Li et al. [5] observed a significant association between tumour stage and overall survival in both univariate and multivariate analyses. The 3-year OS for all histological types was 75.4% for stage I, 57.1% for stage II, 33.3% for stage III and 7.1% for stage IV. This association is similar to the previous publication in ULMS and ESS [34, 35]. In our study, early stage (stage I) was associated with better PFS than advanced stage (stage II-IV), but there was no difference in OS. Although we did not find a difference in OS, this could be attributed to the following reasons. First, the number of patients in the advanced stage group was small, therefore, the study did not have the number of events required to demonstrate a significant difference between the two groups. Second, as a more aggressive uterine sarcoma, more than 80% of patients with HG-ESS and UUS were in stage I at diagnosis. Considering the association between histopathological subtype and poor prognosis, it is difficult to determine whether advanced stage has any effect on the poor outcome.

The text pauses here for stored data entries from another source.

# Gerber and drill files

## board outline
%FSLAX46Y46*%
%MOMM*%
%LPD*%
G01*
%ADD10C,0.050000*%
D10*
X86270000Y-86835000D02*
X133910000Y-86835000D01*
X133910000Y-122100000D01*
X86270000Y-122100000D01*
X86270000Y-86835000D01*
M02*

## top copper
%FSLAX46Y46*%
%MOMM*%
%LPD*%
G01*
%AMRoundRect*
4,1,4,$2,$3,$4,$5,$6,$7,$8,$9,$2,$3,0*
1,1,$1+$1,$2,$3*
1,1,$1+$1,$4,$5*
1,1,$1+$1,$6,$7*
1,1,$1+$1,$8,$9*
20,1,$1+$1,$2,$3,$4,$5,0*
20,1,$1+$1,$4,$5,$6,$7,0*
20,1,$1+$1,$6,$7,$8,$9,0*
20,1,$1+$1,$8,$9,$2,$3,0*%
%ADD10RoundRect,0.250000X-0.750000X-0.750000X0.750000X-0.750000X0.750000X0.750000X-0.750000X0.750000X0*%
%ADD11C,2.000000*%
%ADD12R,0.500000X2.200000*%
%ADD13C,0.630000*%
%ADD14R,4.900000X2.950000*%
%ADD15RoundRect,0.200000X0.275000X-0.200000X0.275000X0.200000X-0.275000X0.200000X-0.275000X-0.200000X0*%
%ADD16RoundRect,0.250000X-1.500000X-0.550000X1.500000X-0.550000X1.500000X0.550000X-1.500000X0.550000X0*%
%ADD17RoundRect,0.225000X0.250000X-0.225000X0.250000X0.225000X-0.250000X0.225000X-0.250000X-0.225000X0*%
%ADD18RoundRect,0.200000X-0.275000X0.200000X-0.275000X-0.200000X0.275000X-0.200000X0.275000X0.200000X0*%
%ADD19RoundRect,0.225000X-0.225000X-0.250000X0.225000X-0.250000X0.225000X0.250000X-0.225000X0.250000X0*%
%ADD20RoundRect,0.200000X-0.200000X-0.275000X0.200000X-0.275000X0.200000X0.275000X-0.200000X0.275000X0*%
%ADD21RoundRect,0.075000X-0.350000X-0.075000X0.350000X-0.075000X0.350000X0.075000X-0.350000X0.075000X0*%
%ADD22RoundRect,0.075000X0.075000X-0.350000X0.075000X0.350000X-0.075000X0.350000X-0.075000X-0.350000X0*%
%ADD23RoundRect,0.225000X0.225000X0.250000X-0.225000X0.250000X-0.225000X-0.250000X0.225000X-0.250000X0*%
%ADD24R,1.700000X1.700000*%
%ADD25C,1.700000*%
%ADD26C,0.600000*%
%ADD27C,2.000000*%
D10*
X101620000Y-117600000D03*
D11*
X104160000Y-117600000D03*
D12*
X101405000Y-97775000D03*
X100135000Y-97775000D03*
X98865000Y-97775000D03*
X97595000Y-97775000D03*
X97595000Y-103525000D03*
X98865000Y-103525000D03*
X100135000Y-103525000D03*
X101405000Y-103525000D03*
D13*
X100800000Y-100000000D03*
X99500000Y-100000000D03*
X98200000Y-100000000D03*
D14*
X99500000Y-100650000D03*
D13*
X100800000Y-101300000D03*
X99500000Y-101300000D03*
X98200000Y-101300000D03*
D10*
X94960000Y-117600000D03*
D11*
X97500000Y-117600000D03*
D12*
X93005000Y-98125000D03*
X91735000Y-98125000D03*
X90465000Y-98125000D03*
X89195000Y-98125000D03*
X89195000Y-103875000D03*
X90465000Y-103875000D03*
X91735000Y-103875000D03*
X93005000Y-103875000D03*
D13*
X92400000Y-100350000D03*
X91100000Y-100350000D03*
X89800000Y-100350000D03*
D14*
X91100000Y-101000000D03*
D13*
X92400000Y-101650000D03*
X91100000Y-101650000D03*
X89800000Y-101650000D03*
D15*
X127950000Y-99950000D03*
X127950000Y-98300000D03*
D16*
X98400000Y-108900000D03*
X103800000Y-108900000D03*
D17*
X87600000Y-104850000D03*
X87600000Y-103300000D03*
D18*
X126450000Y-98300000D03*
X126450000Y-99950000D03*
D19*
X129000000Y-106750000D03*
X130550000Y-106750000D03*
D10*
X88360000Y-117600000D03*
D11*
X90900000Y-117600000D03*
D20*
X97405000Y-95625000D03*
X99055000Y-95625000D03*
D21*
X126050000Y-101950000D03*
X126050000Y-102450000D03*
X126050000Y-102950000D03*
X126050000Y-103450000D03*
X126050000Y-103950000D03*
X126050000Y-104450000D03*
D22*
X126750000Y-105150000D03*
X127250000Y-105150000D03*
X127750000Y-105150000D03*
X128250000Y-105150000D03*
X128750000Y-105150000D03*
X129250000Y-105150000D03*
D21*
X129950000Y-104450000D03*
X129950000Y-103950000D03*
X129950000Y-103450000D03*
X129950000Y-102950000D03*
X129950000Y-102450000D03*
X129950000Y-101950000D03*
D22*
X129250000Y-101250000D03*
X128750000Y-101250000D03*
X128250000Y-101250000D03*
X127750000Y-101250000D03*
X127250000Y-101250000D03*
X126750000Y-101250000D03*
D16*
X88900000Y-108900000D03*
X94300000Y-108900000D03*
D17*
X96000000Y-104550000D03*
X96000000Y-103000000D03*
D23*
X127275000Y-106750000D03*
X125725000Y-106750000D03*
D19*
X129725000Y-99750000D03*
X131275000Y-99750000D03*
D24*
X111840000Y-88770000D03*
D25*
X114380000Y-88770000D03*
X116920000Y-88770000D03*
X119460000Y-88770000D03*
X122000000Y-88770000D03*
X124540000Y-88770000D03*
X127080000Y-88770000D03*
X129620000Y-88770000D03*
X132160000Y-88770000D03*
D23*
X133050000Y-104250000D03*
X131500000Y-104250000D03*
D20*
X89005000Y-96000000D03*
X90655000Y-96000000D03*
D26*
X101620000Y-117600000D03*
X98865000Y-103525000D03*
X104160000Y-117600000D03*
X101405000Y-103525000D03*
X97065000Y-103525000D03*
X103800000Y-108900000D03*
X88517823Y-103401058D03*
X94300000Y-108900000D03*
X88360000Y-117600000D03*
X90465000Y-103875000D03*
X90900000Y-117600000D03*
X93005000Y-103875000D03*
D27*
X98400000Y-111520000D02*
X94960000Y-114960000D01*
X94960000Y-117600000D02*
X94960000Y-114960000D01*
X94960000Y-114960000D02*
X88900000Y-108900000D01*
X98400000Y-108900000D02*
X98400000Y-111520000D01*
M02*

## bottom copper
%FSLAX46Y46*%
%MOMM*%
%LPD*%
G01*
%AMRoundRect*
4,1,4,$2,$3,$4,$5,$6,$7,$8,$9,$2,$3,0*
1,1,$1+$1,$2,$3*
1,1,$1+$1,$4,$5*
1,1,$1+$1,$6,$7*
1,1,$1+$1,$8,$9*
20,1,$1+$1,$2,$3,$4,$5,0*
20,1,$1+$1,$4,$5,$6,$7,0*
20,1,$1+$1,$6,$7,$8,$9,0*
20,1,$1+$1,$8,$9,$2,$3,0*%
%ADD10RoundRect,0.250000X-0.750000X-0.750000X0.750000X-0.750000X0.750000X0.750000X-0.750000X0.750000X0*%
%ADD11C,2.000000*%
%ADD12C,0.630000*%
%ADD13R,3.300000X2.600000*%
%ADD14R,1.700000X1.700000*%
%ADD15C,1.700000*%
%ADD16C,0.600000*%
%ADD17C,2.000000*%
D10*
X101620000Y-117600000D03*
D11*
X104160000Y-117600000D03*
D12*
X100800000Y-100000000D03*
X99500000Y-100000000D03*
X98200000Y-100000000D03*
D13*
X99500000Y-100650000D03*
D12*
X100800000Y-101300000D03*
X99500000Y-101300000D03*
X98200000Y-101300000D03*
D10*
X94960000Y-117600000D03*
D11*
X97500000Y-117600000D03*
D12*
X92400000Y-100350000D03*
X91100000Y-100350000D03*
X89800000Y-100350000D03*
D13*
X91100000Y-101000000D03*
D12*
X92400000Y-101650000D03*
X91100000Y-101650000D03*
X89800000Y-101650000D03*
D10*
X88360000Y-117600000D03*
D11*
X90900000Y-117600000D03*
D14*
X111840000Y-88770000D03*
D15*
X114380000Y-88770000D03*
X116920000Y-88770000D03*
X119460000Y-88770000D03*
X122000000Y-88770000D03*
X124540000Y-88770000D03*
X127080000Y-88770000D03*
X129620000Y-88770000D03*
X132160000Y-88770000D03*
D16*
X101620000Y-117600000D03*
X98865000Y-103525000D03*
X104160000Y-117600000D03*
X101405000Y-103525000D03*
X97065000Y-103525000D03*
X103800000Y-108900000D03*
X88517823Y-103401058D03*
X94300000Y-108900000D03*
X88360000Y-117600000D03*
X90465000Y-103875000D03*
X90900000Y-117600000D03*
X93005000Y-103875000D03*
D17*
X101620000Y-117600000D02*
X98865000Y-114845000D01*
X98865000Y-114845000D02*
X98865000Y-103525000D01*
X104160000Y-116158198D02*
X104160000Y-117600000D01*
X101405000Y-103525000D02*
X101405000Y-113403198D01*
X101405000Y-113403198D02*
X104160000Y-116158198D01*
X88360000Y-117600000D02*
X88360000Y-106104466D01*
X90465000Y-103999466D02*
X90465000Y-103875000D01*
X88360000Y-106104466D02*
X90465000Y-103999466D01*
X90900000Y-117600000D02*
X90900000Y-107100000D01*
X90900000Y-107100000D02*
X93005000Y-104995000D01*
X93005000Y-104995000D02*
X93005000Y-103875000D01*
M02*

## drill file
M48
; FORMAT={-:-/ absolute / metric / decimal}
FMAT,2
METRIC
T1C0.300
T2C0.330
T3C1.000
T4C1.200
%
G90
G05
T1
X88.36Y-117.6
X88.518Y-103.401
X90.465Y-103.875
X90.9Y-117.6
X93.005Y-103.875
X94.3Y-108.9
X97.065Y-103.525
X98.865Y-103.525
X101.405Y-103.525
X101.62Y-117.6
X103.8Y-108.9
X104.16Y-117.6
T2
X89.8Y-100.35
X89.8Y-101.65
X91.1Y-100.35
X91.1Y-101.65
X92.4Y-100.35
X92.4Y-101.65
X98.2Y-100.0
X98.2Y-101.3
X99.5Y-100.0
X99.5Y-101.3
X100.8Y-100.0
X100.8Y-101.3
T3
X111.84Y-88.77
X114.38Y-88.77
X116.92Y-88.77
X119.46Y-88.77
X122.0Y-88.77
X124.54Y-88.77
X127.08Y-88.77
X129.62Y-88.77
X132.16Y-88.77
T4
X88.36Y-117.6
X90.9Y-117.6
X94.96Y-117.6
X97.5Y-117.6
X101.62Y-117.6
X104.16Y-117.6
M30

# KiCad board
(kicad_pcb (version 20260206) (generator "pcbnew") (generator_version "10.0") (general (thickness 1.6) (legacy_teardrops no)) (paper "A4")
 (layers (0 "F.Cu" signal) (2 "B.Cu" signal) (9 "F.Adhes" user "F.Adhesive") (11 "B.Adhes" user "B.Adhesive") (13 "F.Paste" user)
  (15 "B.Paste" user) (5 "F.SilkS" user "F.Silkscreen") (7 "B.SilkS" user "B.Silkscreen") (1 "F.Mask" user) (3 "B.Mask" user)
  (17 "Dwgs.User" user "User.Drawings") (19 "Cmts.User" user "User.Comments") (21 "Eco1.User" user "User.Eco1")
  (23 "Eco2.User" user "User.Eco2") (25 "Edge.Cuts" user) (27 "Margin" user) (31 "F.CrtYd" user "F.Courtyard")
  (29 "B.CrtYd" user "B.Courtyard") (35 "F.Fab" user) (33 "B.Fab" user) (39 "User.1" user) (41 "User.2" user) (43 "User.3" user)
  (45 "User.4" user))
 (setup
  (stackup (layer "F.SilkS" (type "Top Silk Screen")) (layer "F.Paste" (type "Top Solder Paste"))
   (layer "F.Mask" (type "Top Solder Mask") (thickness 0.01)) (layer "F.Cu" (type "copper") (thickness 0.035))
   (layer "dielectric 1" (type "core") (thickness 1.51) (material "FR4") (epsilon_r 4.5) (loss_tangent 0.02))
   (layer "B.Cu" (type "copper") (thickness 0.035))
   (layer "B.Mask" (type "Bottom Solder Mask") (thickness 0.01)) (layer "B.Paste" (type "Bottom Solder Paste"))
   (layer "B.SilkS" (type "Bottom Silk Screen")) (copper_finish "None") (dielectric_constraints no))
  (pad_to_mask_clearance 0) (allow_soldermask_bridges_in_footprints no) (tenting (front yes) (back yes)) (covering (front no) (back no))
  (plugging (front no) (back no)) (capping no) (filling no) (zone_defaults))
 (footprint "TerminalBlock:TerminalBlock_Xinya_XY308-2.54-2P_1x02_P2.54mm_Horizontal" (layer "F.Cu") (at 101.62 117.6)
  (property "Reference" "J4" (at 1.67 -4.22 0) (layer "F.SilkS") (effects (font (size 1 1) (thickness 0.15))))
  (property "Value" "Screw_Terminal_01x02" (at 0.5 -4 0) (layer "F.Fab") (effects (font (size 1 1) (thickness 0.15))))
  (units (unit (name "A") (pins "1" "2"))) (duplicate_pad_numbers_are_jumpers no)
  (pad "1" thru_hole roundrect (at 0 0) (size 2 2) (drill 1.2) (layers "*.Cu" "*.Mask") (remove_unused_layers no) (roundrect_rratio 0.125)
   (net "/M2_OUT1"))
  (pad "2" thru_hole circle (at 2.54 0) (size 2 2) (drill 1.2) (layers "*.Cu" "*.Mask") (remove_unused_layers no) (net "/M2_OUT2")))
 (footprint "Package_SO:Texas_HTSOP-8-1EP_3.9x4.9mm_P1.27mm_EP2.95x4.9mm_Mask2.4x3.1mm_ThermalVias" (layer "F.Cu") (at 99.5 100.65 -90)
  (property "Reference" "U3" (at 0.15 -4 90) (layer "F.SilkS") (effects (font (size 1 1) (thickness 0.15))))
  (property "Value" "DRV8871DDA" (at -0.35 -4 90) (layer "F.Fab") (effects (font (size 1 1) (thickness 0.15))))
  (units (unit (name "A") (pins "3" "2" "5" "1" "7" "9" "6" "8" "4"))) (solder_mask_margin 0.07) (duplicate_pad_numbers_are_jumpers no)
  (pad "" smd rect (at 0 0 270) (size 2.4 3.1) (layers "F.Mask"))
  (pad "" smd rect (at 0 0 270) (size 2.4 3.1) (layers "F.Paste"))
  (pad "1" smd rect (at -2.875 -1.905 270) (size 2.2 0.5) (layers "F.Cu" "F.Mask" "F.Paste") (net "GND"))
  (pad "2" smd rect (at -2.875 -0.635 270) (size 2.2 0.5) (layers "F.Cu" "F.Mask" "F.Paste") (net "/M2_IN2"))
  (pad "3" smd rect (at -2.875 0.635 270) (size 2.2 0.5) (layers "F.Cu" "F.Mask" "F.Paste") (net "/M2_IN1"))
  (pad "4" smd rect (at -2.875 1.905 270) (size 2.2 0.5) (layers "F.Cu" "F.Mask" "F.Paste") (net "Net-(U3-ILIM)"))
  (pad "5" smd rect (at 2.875 1.905 270) (size 2.2 0.5) (layers "F.Cu" "F.Mask" "F.Paste") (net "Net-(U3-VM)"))
  (pad "6" smd rect (at 2.875 0.635 270) (size 2.2 0.5) (layers "F.Cu" "F.Mask" "F.Paste") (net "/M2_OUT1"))
  (pad "7" smd rect (at 2.875 -0.635 270) (size 2.2 0.5) (layers "F.Cu" "F.Mask" "F.Paste") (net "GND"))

In our study, elevated preoperative NLR and PLR and postmenopausal status were significantly correlated with shorter PFS and OS in univariate analysis, but no statistically significant difference was found in multivariate analysis. The NLR was more meaningful in multivariate analysis than the other two indicators (P<0.1). Recently, Jeong et al. [36] performed a retrospective analysis of 99 patients with uterine sarcoma from 8 multicentre institutions over the last 20 years and found that a high NLR was significantly associated with worse DFS and OS, while PLR, CA125, and lactate dehydrogenase (LDH) failed to show significant impact.

In conclusion, uterine sarcoma is a rare tumour, with ULMS being the most frequent (40.64%), followed by LG-ESS (36.13%) and HG-ESS (10.32%). UUS and HG-ESS are more aggressive. Our study illustrated that histologic type, tumour size and tumour stage for patients with uterine sarcoma may act as independent predictors of PFS, as well as OS except tumour stage.